減考揺思 #159 (2026/06/30)

 ポケットサイズの電子小窓を眺めるのが嫌いなのだ。
 今どきの携帯電話のこと。

 元々電話が好きでないのもある。
 いつどこからでもどこに居てもかかってくるなどは勘弁してほしい。
 だからやむ無く持つようになったのは家族のなかでは一番後。

 昨今世界ではこれが、とくに子供たちへの悪影響から法的に禁じる動きがあるようだ。
 私的には、そこまで人とのつながりや見ないで居られず離せない思いが、分からない。

 とはいえSNSと称する以前1980年代のパソコン通信、会員が自由に文章を書き込める電子掲示板は初期から興味深く参加していた。
 2000年頃開始のインターネット上での画像掲載可能で一般化したのへも違和感無く参加。
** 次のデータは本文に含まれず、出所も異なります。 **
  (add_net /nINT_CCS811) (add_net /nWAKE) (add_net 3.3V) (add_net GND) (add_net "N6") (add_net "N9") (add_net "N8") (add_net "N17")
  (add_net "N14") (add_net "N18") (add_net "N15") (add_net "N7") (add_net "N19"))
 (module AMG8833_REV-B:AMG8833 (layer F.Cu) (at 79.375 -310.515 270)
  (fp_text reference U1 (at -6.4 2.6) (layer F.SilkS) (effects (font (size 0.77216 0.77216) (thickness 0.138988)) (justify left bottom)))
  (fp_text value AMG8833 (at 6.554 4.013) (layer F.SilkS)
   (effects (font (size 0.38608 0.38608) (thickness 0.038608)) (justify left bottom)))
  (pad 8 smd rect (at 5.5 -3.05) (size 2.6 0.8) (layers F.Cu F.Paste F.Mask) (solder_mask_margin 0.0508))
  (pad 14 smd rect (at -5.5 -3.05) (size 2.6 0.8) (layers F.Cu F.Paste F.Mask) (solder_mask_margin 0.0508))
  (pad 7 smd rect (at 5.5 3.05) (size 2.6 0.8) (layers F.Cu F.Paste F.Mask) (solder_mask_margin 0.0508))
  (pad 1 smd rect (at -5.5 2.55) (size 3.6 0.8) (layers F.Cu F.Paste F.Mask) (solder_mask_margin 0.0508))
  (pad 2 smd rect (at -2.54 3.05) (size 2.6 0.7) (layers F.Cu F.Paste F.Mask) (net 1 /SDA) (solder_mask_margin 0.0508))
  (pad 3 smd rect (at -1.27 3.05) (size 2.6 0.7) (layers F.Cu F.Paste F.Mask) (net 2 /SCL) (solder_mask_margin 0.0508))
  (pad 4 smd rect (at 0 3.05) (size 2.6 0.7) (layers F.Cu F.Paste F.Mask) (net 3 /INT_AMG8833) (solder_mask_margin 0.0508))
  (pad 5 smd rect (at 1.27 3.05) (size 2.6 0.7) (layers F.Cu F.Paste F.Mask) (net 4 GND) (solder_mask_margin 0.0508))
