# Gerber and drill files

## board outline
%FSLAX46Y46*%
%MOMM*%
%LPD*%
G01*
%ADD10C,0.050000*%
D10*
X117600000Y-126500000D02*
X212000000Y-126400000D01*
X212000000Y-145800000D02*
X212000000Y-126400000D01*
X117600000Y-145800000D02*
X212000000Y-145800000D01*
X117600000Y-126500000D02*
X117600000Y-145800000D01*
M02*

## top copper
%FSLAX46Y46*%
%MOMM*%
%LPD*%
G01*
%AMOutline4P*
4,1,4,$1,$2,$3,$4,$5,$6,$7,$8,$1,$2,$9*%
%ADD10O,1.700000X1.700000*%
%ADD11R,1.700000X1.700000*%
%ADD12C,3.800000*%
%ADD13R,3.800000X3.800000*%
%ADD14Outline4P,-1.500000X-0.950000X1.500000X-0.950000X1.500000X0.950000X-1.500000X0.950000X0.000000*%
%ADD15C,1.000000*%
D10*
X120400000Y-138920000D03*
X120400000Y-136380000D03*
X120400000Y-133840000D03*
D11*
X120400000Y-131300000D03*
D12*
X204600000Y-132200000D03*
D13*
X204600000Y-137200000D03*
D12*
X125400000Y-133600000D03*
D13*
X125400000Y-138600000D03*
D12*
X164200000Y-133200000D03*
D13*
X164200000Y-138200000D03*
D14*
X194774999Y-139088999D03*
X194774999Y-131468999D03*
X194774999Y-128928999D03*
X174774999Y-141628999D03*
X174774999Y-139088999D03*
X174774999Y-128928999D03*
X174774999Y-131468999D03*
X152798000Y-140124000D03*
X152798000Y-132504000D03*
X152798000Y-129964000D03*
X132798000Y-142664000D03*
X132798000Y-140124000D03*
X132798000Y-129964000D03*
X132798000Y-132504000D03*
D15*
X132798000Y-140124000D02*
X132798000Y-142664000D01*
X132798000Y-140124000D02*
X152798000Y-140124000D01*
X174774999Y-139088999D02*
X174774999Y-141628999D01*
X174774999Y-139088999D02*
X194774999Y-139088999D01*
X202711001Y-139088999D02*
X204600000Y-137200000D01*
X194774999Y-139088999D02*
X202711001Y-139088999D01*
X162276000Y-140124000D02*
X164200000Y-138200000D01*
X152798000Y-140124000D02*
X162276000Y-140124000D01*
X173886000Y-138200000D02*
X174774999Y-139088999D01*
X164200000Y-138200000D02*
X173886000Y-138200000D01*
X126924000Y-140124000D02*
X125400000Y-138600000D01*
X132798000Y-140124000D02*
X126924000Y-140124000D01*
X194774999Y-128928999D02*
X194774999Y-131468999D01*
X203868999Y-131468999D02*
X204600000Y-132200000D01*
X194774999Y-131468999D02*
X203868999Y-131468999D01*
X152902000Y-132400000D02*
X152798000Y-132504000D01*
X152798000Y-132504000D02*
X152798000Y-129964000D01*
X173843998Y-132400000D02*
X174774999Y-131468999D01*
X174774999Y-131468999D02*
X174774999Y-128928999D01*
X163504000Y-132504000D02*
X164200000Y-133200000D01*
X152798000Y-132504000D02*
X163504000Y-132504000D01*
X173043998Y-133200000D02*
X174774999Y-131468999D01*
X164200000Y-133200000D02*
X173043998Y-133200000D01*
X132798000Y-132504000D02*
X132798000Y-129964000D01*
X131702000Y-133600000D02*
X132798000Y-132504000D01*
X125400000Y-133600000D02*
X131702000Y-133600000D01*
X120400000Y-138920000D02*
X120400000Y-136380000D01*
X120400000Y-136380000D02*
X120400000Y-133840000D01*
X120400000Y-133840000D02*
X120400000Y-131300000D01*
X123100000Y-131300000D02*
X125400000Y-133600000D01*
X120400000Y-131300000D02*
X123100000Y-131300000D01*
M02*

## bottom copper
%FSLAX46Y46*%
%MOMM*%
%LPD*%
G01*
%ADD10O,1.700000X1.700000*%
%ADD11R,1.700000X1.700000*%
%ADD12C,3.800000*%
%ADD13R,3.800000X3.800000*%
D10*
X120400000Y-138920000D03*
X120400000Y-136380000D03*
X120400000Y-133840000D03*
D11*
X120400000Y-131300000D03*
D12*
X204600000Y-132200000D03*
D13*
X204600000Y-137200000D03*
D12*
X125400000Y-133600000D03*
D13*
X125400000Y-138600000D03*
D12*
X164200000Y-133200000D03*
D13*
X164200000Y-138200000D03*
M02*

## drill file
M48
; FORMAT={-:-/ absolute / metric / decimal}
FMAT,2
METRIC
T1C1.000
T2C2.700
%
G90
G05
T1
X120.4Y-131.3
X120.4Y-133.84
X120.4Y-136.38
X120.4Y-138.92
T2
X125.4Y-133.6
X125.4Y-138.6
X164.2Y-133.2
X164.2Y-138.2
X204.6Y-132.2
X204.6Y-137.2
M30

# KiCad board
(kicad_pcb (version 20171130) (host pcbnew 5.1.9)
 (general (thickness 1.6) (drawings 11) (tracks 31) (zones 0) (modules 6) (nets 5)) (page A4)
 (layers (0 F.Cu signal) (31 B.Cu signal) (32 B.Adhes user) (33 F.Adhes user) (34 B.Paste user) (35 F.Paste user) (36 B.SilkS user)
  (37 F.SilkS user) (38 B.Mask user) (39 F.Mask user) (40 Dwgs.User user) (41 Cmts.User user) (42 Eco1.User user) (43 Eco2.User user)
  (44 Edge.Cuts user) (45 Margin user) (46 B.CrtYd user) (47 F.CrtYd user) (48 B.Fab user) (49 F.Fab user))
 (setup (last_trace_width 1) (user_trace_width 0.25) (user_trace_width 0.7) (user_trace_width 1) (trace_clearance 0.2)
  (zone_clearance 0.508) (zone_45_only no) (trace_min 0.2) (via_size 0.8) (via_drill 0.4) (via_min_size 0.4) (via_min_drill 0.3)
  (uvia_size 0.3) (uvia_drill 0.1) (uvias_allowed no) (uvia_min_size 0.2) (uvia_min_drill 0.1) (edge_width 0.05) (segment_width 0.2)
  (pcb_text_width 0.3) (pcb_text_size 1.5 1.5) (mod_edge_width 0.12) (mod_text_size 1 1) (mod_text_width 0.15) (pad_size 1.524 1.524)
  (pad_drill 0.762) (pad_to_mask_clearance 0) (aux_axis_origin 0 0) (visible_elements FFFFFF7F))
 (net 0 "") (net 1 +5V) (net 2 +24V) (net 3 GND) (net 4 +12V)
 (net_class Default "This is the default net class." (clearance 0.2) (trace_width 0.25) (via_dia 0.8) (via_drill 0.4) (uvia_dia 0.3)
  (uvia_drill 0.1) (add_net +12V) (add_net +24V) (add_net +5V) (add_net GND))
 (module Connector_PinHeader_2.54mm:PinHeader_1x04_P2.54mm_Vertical (layer F.Cu) (at 120.4 131.3)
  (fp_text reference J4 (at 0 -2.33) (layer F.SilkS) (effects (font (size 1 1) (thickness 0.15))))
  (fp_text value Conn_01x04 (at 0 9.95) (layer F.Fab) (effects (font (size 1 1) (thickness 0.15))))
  (pad 4 thru_hole oval (at 0 7.62) (size 1.7 1.7) (drill 1) (layers *.Cu *.Mask) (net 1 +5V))
  (pad 3 thru_hole oval (at 0 5.08) (size 1.7 1.7) (drill 1) (layers *.Cu *.Mask) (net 1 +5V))
  (pad 2 thru_hole oval (at 0 2.54) (size 1.7 1.7) (drill 1) (layers *.Cu *.Mask) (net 1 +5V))
  (pad 1 thru_hole rect (at 0 0) (size 1.7 1.7) (drill 1) (layers *.Cu *.Mask) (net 1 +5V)))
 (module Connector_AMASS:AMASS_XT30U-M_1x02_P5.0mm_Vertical (layer F.Cu) (at 204.6 137.2 90)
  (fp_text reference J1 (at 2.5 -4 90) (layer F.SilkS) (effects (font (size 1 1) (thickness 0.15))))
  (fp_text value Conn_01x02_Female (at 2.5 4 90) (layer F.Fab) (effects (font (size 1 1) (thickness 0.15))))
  (pad 2 thru_hole circle (at 5 0 90) (size 3.8 3.8) (drill 2.7) (layers *.Cu *.Mask) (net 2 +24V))
  (pad 1 thru_hole rect (at 0 0 90) (size 3.8 3.8) (drill 2.7) (layers *.Cu *.Mask) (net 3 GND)))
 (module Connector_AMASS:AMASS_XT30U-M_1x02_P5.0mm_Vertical (layer F.Cu) (at 125.4 138.6 90)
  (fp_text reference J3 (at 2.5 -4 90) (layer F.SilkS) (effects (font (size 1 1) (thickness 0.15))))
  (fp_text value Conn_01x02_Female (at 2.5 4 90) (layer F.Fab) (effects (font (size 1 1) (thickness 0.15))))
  (pad 2 thru_hole circle (at 5 0 90) (size 3.8 3.8) (drill 2.7) (layers *.Cu *.Mask) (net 1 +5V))
  (pad 1 thru_hole rect (at 0 0 90) (size 3.8 3.8) (drill 2.7) (layers *.Cu *.Mask) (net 3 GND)))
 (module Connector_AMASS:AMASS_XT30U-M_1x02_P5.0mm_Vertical (layer F.Cu) (at 164.2 138.2 90)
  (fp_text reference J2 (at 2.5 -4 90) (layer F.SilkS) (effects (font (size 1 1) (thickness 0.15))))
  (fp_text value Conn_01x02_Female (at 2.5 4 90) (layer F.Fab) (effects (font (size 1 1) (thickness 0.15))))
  (pad 2 thru_hole circle (at 5 0 90) (size 3.8 3.8) (drill 2.7) (layers *.Cu *.Mask) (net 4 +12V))
  (pad 1 thru_hole rect (at 0 0 90) (size 3.8 3.8) (drill 2.7) (layers *.Cu *.Mask) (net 3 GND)))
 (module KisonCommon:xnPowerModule (layer F.Cu) (at 178.076999 124.864999)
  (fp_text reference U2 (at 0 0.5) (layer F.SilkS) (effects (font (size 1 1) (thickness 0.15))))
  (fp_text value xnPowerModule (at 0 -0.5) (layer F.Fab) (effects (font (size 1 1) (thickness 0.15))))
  (pad 4 smd trapezoid (at 16.698 14.224) (size 3 1.9) (layers F.Cu F.Paste F.Mask) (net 3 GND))
  (pad 3 smd trapezoid (at 16.698 6.604) (size 3 1.9) (layers F.Cu F.Paste F.Mask) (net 2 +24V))
  (pad 3 smd trapezoid (at 16.698 4.064) (size 3 1.9) (layers F.Cu F.Paste F.Mask) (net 2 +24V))
  (pad 2 smd trapezoid (at -3.302 16.764) (size 3 1.9) (layers F.Cu F.Paste F.Mask) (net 3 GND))
  (pad 2 smd trapezoid (at -3.302 14.224) (size 3 1.9) (layers F.Cu F.Paste F.Mask) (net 3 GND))
  (pad 1 smd trapezoid (at -3.302 4.064) (size 3 1.9) (layers F.Cu F.Paste F.Mask) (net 4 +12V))
  (pad 1 smd trapezoid (at -3.302 6.604) (size 3 1.9) (layers F.Cu F.Paste F.Mask) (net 4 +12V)))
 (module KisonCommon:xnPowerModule (layer F.Cu) (at 136.1 125.9)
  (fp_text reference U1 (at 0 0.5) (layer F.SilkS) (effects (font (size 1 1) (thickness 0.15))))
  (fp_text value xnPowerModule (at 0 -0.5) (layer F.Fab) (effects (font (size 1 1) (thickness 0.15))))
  (pad 4 smd trapezoid (at 16.698 14.224) (size 3 1.9) (layers F.Cu F.Paste F.Mask) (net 3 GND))
  (pad 3 smd trapezoid (at 16.698 6.604) (size 3 1.9) (layers F.Cu F.Paste F.Mask) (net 4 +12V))
  (pad 3 smd trapezoid (at 16.698 4.064) (size 3 1.9) (layers F.Cu F.Paste F.Mask) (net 4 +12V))
  (pad 2 smd trapezoid (at -3.302 16.764) (size 3 1.9) (layers F.Cu F.Paste F.Mask) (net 3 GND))
  (pad 2 smd trapezoid (at -3.302 14.224) (size 3 1.9) (layers F.Cu F.Paste F.Mask) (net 3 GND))
  (pad 1 smd trapezoid (at -3.302 4.064) (size 3 1.9) (layers F.Cu F.Paste F.Mask) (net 1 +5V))
  (pad 1 smd trapezoid (at -3.302 6.604) (size 3 1.9) (layers F.Cu F.Paste F.Mask) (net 1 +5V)))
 (gr_line (start 117.6 126.5) (end 212 126.4) (layer Edge.Cuts) (width 0.05))
 (gr_line (start 212 145.8) (end 212 126.4) (layer Edge.Cuts) (width 0.05))
 (gr_line (start 117.6 145.8) (end 212 145.8) (layer Edge.Cuts) (width 0.05))
 (gr_line (start 117.6 126.5) (end 117.6 145.8) (layer Edge.Cuts) (width 0.05))
 (segment (start 132.798 140.124) (end 132.798 142.664) (width 1) (layer F.Cu) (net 3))
 (segment (start 132.798 140.124) (end 152.798 140.124) (width 1) (layer F.Cu) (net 3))
 (segment (start 174.774999 139.088999) (end 174.774999 141.628999) (width 1) (layer F.Cu) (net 3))
 (segment (start 174.774999 139.088999) (end 194.774999 139.088999) (width 1) (layer F.Cu) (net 3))
 (segment (start 202.711001 139.088999) (end 204.6 137.2) (width 1) (layer F.Cu) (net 3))
 (segment (start 194.774999 139.088999) (end 202.711001 139.088999) (width 1) (layer F.Cu) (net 3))
 (segment (start 162.276 140.124) (end 164.2 138.2) (width 1) (layer F.Cu) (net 3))
 (segment (start 152.798 140.124) (end 162.276 140.124) (width 1) (layer F.Cu) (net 3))
 (segment (start 173.886 138.2) (end 174.774999 139.088999) (width 1) (layer F.Cu) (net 3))
 (segment (start 164.2 138.2) (end 173.886 138.2) (width 1) (layer F.Cu) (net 3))
 (segment (start 126.924 140.124) (end 125.4 138.6) (width 1) (layer F.Cu) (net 3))
 (segment (start 132.798 140.124) (end 126.924 140.124) (width 1) (layer F.Cu) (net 3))
 (segment (start 194.774999 128.928999) (end 194.774999 131.468999) (width 1) (layer F.Cu) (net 2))
 (segment (start 203.868999 131.468999) (end 204.6 132.2) (width 1) (layer F.Cu) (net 2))
 (segment (start 194.774999 131.468999) (end 203.868999 131.468999) (width 1) (layer F.Cu) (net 2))
 (segment (start 152.902 132.4) (end 152.798 132.504) (width 1) (layer F.Cu) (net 4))
 (segment (start 152.798 132.504) (end 152.798 129.964) (width 1) (layer F.Cu) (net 4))
 (segment (start 173.843998 132.4) (end 174.774999 131.468999) (width 1) (layer F.Cu) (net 4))
 (segment (start 174.774999 131.468999) (end 174.774999 128.928999) (width 1) (layer F.Cu) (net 4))
 (segment (start 163.504 132.504) (end 164.2 133.2) (width 1) (layer F.Cu) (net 4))
 (segment (start 152.798 132.504) (end 163.504 132.504) (width 1) (layer F.Cu) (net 4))
 (segment (start 173.043998 133.2) (end 174.774999 131.468999) (width 1) (layer F.Cu) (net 4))
 (segment (start 164.2 133.2) (end 173.043998 133.2) (width 1) (layer F.Cu) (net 4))
 (segment (start 132.798 132.504) (end 132.798 129.964) (width 1) (layer F.Cu) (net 1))
 (segment (start 131.702 133.6) (end 132.798 132.504) (width 1) (layer F.Cu) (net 1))
 (segment (start 125.4 133.6) (end 131.702 133.6) (width 1) (layer F.Cu) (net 1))
 (segment (start 120.4 138.92) (end 120.4 136.38) (width 1) (layer F.Cu) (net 1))
 (segment (start 120.4 136.38) (end 120.4 133.84) (width 1) (layer F.Cu) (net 1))
 (segment (start 120.4 133.84) (end 120.4 131.3) (width 1) (layer F.Cu) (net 1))
 (segment (start 123.1 131.3) (end 125.4 133.6) (width 1) (layer F.Cu) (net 1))
 (segment (start 120.4 131.3) (end 123.1 131.3) (width 1) (layer F.Cu) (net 1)))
これらはパソコン連携の時代。
 カメラのデジタル化が功を奏して映像は間もなく動画化。市民皆がテレビ局に。
 
 それがG・A・F・A・Mなど米国企業が世界のネットを牛耳ってケータイ小窓は国境を越えて彼らのサイフへ米国の収入に大きく貢献。
 爆発的な広がりは老若男女がいつでもどこでも何でも見せられ「カモられる」時代へ。

 さらに昨今の他人を貶めつつ収入につながるという面白競争。奇抜さを競い目を引くあの手この手玉石混交。金集め情報の大渦。
 嘘か真かなど問題ではないとなれば、犯罪の匂いも国をまたいで闇の中。

 いやはやもはや私など興味も起きようなく。
 肌見放さず持ち歩くことさえ薄気味悪し。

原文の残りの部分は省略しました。